__WHAT THE EXERCISE ASKS__.
Please repeat the lines below exactly. Begin with the line containing "X110116905Y-81798438D01*" and go on through the line containing "X111275857Y-75569819D01*".

Data entries:
-------------------------

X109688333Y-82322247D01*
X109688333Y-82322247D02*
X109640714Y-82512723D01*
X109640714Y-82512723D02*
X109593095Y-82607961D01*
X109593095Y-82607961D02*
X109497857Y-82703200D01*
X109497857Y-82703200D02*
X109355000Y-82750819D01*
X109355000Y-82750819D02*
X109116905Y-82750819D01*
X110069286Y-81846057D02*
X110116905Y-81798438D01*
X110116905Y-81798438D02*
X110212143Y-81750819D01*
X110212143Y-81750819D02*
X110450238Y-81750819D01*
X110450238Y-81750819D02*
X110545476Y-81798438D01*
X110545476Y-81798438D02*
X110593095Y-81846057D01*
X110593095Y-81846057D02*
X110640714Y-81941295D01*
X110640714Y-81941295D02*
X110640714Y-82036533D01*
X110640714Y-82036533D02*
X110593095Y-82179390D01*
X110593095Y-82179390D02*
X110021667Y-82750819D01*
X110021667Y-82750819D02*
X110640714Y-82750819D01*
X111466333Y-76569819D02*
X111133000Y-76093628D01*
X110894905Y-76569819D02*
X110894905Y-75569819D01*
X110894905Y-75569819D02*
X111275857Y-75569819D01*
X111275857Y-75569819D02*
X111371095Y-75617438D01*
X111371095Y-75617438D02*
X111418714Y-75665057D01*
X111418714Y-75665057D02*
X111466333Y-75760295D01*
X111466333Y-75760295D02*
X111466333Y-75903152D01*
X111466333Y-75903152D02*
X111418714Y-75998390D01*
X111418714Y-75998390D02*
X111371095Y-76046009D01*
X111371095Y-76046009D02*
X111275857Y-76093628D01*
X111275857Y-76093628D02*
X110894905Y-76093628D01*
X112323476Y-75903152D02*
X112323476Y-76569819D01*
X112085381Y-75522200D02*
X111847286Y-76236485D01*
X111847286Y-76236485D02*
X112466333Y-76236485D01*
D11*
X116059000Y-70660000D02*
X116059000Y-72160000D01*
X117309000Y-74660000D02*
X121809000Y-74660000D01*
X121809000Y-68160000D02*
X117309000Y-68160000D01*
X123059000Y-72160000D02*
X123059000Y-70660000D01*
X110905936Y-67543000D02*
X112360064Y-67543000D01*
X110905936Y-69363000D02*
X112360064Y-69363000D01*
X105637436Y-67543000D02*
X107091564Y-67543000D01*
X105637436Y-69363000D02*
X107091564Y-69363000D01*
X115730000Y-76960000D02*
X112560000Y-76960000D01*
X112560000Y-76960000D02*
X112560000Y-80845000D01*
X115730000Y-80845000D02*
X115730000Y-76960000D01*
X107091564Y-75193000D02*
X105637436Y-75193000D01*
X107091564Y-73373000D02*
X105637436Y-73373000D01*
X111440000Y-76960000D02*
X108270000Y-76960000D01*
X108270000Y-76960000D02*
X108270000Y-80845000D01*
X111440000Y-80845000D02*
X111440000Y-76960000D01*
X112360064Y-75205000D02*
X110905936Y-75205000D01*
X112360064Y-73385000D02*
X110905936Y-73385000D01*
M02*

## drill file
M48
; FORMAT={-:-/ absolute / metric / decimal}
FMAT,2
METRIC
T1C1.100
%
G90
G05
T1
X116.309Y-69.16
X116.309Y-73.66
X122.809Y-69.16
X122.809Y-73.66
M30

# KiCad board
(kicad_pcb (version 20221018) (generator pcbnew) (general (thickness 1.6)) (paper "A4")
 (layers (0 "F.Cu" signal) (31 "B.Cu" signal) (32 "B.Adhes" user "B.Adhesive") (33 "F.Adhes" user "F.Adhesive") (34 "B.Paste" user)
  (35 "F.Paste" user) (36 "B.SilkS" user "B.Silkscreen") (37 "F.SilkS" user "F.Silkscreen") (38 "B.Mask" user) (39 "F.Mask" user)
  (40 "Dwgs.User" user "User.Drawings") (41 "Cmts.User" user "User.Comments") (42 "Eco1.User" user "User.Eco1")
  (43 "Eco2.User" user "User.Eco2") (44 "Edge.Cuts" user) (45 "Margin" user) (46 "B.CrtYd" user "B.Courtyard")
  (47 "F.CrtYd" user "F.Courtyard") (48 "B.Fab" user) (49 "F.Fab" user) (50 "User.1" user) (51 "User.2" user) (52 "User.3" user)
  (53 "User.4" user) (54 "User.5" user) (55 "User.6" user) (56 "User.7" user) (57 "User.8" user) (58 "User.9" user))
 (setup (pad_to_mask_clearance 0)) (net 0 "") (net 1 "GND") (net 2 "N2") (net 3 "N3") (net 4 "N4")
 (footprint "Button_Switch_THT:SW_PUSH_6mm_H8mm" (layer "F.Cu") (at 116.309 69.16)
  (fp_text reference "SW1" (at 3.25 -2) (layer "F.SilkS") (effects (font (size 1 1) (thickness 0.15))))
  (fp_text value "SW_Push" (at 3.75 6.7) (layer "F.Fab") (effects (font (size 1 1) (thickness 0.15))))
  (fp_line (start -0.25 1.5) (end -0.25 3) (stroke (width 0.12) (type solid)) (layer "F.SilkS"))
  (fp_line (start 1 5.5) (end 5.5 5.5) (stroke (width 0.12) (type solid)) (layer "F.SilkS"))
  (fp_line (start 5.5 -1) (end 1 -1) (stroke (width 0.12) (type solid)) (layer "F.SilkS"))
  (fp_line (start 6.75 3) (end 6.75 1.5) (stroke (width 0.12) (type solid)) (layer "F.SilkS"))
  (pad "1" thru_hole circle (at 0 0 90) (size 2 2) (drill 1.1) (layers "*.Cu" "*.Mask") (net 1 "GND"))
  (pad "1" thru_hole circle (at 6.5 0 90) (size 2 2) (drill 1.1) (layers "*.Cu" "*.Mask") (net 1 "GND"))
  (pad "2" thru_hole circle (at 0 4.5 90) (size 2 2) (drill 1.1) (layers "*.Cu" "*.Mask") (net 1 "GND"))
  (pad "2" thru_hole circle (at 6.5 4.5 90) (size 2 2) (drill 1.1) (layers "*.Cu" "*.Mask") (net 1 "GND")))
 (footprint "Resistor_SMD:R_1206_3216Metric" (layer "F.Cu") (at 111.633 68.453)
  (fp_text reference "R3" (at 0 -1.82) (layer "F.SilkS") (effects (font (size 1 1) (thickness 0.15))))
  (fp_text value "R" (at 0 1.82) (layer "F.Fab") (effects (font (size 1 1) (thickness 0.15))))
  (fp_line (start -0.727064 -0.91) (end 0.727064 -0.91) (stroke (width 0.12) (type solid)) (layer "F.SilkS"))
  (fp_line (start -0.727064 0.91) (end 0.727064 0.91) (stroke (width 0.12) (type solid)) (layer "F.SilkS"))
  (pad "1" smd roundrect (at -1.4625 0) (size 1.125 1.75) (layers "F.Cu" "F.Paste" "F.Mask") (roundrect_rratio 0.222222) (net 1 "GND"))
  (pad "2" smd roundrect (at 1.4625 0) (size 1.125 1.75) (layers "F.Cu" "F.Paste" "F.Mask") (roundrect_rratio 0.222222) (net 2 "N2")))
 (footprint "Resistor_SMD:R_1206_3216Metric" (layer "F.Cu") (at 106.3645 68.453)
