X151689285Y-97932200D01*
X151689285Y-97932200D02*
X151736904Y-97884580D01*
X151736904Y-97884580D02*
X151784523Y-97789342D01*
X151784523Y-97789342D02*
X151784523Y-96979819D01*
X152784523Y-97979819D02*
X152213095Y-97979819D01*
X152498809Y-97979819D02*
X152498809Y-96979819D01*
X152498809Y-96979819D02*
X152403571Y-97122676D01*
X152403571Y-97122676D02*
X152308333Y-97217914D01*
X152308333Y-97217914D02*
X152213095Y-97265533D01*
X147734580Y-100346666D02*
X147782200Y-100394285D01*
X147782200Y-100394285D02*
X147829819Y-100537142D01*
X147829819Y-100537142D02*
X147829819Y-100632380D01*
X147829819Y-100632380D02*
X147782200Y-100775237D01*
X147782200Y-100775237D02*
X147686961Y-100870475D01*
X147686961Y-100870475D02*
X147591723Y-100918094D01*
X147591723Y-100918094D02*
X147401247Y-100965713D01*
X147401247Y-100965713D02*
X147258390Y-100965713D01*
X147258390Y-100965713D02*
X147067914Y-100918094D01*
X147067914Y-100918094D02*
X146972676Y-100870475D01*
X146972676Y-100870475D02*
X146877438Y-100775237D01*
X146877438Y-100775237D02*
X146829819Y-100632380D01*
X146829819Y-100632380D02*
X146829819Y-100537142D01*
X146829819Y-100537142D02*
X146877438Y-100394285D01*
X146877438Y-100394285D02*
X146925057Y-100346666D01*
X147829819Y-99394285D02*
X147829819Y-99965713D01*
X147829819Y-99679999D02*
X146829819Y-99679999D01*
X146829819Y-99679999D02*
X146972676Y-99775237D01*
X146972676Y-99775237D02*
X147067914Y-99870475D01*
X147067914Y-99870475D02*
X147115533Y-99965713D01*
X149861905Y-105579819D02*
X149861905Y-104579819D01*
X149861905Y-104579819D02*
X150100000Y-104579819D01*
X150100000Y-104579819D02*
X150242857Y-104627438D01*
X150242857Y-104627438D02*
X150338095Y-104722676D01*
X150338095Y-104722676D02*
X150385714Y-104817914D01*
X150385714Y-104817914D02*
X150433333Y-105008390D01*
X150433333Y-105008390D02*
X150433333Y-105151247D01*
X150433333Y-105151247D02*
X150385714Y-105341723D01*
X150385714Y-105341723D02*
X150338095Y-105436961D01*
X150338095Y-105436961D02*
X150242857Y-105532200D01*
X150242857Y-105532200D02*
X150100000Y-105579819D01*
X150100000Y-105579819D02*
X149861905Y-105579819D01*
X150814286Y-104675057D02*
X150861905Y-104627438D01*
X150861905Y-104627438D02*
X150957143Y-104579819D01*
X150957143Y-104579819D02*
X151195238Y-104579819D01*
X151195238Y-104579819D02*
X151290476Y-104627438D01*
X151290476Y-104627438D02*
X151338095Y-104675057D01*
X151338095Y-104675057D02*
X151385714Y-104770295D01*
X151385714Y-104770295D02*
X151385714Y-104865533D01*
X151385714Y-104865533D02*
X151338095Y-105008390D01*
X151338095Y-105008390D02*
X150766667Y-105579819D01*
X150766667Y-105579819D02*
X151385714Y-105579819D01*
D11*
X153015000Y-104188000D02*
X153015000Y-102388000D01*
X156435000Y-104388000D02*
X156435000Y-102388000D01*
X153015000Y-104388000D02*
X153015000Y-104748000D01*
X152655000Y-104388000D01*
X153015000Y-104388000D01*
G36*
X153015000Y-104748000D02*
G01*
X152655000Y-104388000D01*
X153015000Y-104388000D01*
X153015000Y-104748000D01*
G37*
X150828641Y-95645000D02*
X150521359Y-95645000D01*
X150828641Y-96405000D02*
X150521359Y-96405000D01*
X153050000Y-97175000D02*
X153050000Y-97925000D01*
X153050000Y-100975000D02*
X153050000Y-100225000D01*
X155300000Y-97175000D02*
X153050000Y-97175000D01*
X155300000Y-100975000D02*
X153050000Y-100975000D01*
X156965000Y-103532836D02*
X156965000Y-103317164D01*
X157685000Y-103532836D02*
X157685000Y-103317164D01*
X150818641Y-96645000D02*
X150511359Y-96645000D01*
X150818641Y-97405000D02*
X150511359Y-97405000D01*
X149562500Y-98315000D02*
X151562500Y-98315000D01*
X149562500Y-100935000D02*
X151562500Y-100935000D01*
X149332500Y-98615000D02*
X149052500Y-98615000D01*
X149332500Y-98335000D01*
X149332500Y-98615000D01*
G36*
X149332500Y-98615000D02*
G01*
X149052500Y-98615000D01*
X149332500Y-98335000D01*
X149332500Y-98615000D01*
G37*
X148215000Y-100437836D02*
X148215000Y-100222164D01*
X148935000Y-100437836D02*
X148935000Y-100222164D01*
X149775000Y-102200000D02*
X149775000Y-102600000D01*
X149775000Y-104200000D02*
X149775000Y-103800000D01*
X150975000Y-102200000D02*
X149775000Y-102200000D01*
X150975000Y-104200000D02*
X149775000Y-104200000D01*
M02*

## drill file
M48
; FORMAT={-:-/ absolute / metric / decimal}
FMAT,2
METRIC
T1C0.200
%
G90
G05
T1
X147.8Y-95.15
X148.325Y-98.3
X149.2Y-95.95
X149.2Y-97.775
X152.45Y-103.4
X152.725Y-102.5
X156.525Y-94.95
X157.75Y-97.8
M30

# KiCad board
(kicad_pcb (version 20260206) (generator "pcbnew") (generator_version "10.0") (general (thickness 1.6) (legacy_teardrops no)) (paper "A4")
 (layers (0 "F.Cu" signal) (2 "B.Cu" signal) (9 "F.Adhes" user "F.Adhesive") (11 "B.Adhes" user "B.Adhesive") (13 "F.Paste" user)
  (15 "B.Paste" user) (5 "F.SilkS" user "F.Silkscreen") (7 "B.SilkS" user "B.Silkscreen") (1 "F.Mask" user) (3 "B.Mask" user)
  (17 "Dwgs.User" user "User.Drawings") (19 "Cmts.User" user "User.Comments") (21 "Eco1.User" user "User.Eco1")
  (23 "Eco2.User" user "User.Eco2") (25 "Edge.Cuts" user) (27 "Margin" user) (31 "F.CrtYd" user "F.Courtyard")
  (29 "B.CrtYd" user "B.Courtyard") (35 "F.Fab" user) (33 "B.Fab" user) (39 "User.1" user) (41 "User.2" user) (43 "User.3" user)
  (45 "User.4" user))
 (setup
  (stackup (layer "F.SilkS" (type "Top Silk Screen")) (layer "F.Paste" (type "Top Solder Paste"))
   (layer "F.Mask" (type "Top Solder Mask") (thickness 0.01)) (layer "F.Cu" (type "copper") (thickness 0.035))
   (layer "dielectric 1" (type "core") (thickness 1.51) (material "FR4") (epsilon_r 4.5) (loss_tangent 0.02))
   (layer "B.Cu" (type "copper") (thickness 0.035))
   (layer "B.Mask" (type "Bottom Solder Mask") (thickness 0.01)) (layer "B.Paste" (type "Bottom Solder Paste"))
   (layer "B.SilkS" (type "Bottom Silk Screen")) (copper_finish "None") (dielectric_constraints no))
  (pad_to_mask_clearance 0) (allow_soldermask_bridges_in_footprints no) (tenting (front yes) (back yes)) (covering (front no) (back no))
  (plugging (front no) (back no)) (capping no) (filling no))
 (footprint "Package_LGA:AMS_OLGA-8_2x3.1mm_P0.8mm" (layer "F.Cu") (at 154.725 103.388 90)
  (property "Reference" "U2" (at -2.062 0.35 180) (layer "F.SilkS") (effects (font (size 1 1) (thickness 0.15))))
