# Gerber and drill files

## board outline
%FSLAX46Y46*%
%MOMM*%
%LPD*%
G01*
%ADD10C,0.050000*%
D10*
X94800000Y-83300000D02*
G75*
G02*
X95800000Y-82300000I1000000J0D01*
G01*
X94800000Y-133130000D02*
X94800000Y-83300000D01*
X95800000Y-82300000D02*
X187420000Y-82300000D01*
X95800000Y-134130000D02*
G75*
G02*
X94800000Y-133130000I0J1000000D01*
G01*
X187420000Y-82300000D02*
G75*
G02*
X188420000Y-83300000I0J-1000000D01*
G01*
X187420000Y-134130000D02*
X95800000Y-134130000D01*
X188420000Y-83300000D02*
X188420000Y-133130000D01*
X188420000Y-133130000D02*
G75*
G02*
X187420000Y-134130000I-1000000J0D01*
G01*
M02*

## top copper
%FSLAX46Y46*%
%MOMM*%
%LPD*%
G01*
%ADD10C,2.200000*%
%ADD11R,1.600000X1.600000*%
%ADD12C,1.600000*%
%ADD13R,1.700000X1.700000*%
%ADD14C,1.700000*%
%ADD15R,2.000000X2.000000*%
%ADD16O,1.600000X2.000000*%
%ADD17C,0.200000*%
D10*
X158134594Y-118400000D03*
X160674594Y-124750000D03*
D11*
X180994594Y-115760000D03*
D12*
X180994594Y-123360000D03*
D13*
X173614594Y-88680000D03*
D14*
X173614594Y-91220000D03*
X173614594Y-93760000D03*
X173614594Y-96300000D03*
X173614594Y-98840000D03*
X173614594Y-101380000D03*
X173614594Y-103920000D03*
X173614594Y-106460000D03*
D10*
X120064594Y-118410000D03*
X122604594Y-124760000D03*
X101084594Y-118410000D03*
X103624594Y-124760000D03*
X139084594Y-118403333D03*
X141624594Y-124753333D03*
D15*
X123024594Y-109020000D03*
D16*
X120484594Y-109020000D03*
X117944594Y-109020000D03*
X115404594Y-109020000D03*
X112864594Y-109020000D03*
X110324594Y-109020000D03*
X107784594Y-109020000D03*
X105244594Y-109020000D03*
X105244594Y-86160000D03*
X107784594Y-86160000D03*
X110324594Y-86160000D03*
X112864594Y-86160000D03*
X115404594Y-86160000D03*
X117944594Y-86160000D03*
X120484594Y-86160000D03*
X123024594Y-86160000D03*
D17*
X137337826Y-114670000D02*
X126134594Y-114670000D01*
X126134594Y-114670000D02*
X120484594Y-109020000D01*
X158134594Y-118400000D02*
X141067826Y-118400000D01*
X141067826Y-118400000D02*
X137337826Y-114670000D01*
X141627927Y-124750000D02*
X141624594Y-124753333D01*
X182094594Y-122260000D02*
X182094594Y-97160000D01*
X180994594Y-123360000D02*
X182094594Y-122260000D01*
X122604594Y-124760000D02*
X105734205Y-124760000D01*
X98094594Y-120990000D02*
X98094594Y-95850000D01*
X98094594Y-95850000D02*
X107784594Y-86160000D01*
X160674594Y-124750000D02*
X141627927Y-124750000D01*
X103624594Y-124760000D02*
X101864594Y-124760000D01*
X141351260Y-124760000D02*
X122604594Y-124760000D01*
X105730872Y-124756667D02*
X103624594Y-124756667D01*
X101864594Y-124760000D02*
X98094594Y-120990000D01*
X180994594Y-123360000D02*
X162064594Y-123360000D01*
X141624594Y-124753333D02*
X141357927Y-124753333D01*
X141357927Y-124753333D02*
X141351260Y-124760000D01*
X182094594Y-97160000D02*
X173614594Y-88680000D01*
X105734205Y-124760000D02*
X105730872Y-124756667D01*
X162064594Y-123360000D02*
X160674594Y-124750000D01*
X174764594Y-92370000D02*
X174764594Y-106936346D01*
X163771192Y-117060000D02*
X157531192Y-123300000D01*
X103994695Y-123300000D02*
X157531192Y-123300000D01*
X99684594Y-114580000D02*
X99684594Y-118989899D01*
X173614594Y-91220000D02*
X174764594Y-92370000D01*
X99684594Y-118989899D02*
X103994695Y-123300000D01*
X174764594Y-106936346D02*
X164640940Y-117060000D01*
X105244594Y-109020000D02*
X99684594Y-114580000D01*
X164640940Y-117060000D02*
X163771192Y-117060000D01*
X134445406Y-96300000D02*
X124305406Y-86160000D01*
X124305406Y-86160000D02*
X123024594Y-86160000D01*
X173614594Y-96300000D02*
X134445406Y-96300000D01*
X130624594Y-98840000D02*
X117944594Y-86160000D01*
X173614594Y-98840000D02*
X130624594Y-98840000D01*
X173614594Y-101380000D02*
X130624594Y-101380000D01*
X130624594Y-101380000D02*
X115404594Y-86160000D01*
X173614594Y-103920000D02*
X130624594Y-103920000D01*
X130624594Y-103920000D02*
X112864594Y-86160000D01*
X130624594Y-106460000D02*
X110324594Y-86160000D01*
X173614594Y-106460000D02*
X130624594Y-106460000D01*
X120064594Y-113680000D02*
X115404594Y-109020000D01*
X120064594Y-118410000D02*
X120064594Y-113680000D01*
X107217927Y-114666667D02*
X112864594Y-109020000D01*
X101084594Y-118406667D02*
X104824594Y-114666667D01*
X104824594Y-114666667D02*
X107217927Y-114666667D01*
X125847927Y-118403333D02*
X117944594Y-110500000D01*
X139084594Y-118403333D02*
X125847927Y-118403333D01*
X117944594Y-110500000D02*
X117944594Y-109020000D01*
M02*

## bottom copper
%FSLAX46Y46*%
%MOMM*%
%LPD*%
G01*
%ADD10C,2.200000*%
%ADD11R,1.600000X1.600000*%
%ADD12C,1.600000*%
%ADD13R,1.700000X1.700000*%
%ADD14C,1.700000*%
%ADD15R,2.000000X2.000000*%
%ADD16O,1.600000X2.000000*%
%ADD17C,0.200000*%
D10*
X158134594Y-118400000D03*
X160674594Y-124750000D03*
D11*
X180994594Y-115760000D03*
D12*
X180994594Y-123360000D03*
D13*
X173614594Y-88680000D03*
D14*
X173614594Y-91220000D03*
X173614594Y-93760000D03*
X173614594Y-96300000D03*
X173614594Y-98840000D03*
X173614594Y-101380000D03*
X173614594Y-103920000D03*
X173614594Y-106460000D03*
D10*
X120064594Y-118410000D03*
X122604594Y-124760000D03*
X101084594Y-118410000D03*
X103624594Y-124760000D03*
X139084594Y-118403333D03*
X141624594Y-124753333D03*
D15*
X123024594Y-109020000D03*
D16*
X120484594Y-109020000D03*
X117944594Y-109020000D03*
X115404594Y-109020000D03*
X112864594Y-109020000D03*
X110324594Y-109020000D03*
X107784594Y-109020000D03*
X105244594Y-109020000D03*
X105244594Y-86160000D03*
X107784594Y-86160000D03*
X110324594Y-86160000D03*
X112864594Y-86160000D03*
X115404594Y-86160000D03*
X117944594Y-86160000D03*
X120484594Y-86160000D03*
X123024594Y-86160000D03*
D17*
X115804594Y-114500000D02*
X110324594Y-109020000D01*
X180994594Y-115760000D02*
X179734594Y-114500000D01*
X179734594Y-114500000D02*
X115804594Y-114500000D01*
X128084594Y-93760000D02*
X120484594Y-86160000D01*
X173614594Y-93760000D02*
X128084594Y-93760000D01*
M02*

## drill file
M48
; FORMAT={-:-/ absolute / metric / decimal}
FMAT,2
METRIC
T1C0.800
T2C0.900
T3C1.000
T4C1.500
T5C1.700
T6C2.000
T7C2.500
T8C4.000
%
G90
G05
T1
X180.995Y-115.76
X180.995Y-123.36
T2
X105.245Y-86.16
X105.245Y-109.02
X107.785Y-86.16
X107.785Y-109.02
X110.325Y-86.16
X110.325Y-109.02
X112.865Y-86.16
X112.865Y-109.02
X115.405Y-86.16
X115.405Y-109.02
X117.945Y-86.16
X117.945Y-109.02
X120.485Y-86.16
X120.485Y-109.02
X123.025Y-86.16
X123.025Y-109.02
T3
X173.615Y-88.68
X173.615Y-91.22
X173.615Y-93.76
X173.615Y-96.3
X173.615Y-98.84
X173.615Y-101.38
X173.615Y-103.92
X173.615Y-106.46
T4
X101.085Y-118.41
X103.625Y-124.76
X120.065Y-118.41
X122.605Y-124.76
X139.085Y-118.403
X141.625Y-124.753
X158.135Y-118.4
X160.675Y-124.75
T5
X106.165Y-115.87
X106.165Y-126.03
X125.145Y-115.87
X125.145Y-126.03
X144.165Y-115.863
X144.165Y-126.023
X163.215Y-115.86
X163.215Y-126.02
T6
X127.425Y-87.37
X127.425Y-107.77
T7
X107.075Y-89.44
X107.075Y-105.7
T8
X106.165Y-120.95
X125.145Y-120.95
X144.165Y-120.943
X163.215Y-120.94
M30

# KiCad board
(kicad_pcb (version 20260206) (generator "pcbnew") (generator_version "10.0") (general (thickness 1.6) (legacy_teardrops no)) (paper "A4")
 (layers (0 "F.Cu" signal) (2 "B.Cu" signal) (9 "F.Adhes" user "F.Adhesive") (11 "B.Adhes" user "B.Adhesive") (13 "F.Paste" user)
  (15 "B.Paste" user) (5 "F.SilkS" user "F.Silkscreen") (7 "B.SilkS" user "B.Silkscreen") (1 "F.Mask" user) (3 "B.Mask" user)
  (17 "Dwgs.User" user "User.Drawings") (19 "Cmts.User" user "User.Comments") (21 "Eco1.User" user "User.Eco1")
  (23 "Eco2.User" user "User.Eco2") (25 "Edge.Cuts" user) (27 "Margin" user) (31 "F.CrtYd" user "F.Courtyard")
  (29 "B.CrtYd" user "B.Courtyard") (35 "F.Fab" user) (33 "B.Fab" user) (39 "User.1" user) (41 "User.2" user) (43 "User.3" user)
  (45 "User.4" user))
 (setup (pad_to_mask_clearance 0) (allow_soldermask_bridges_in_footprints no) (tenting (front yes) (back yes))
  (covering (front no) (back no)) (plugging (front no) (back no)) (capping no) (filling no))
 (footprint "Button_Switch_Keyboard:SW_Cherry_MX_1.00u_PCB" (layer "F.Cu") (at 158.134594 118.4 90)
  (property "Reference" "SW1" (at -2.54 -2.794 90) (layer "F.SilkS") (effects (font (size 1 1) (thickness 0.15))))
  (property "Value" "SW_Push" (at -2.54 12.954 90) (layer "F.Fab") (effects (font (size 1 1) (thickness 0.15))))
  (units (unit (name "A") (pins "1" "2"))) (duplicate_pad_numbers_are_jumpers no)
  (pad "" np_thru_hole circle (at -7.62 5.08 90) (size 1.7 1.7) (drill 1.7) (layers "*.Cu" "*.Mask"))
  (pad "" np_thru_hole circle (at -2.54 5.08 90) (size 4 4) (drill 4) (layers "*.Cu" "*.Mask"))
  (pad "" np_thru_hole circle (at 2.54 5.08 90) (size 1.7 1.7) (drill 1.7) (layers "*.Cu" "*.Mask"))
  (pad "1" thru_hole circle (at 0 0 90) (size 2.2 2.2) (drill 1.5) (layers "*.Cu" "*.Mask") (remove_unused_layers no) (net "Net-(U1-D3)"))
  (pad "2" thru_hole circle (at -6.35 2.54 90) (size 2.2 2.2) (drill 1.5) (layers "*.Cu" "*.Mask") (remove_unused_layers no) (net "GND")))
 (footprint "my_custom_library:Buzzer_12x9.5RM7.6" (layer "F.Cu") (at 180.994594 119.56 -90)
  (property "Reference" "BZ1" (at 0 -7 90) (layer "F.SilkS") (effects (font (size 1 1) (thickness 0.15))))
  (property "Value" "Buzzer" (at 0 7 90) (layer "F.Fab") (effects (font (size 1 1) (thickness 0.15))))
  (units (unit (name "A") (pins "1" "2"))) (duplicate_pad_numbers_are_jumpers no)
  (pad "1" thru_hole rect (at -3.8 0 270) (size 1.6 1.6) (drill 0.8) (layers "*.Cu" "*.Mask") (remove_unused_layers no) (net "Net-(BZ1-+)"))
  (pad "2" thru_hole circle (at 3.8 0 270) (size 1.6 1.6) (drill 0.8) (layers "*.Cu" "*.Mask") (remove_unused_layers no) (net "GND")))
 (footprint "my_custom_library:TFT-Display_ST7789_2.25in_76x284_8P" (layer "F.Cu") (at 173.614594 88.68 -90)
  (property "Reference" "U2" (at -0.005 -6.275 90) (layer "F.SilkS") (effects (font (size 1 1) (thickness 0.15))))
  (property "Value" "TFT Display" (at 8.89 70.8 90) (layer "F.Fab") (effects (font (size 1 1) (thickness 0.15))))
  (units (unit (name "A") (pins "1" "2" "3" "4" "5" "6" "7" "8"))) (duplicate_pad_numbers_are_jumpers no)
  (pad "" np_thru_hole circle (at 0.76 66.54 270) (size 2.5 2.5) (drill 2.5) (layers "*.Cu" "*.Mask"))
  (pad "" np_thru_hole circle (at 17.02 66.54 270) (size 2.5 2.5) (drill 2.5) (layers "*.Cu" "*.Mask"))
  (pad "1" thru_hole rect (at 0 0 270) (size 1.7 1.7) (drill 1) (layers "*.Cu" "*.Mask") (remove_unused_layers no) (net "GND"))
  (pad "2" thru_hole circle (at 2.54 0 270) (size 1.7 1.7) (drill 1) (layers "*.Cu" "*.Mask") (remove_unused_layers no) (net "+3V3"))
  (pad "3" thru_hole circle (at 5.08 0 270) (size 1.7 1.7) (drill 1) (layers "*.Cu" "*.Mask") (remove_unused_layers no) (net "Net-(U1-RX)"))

-------------------------

__WRITTEN SOLUTION__.
X110116905Y-81798438D01*
X110116905Y-81798438D02*
X110212143Y-81750819D01*
X110212143Y-81750819D02*
X110450238Y-81750819D01*
X110450238Y-81750819D02*
X110545476Y-81798438D01*
X110545476Y-81798438D02*
X110593095Y-81846057D01*
X110593095Y-81846057D02*
X110640714Y-81941295D01*
X110640714Y-81941295D02*
X110640714Y-82036533D01*
X110640714Y-82036533D02*
X110593095Y-82179390D01*
X110593095Y-82179390D02*
X110021667Y-82750819D01*
X110021667Y-82750819D02*
X110640714Y-82750819D01*
X111466333Y-76569819D02*
X111133000Y-76093628D01*
X110894905Y-76569819D02*
X110894905Y-75569819D01*
X110894905Y-75569819D02*
X111275857Y-75569819D01*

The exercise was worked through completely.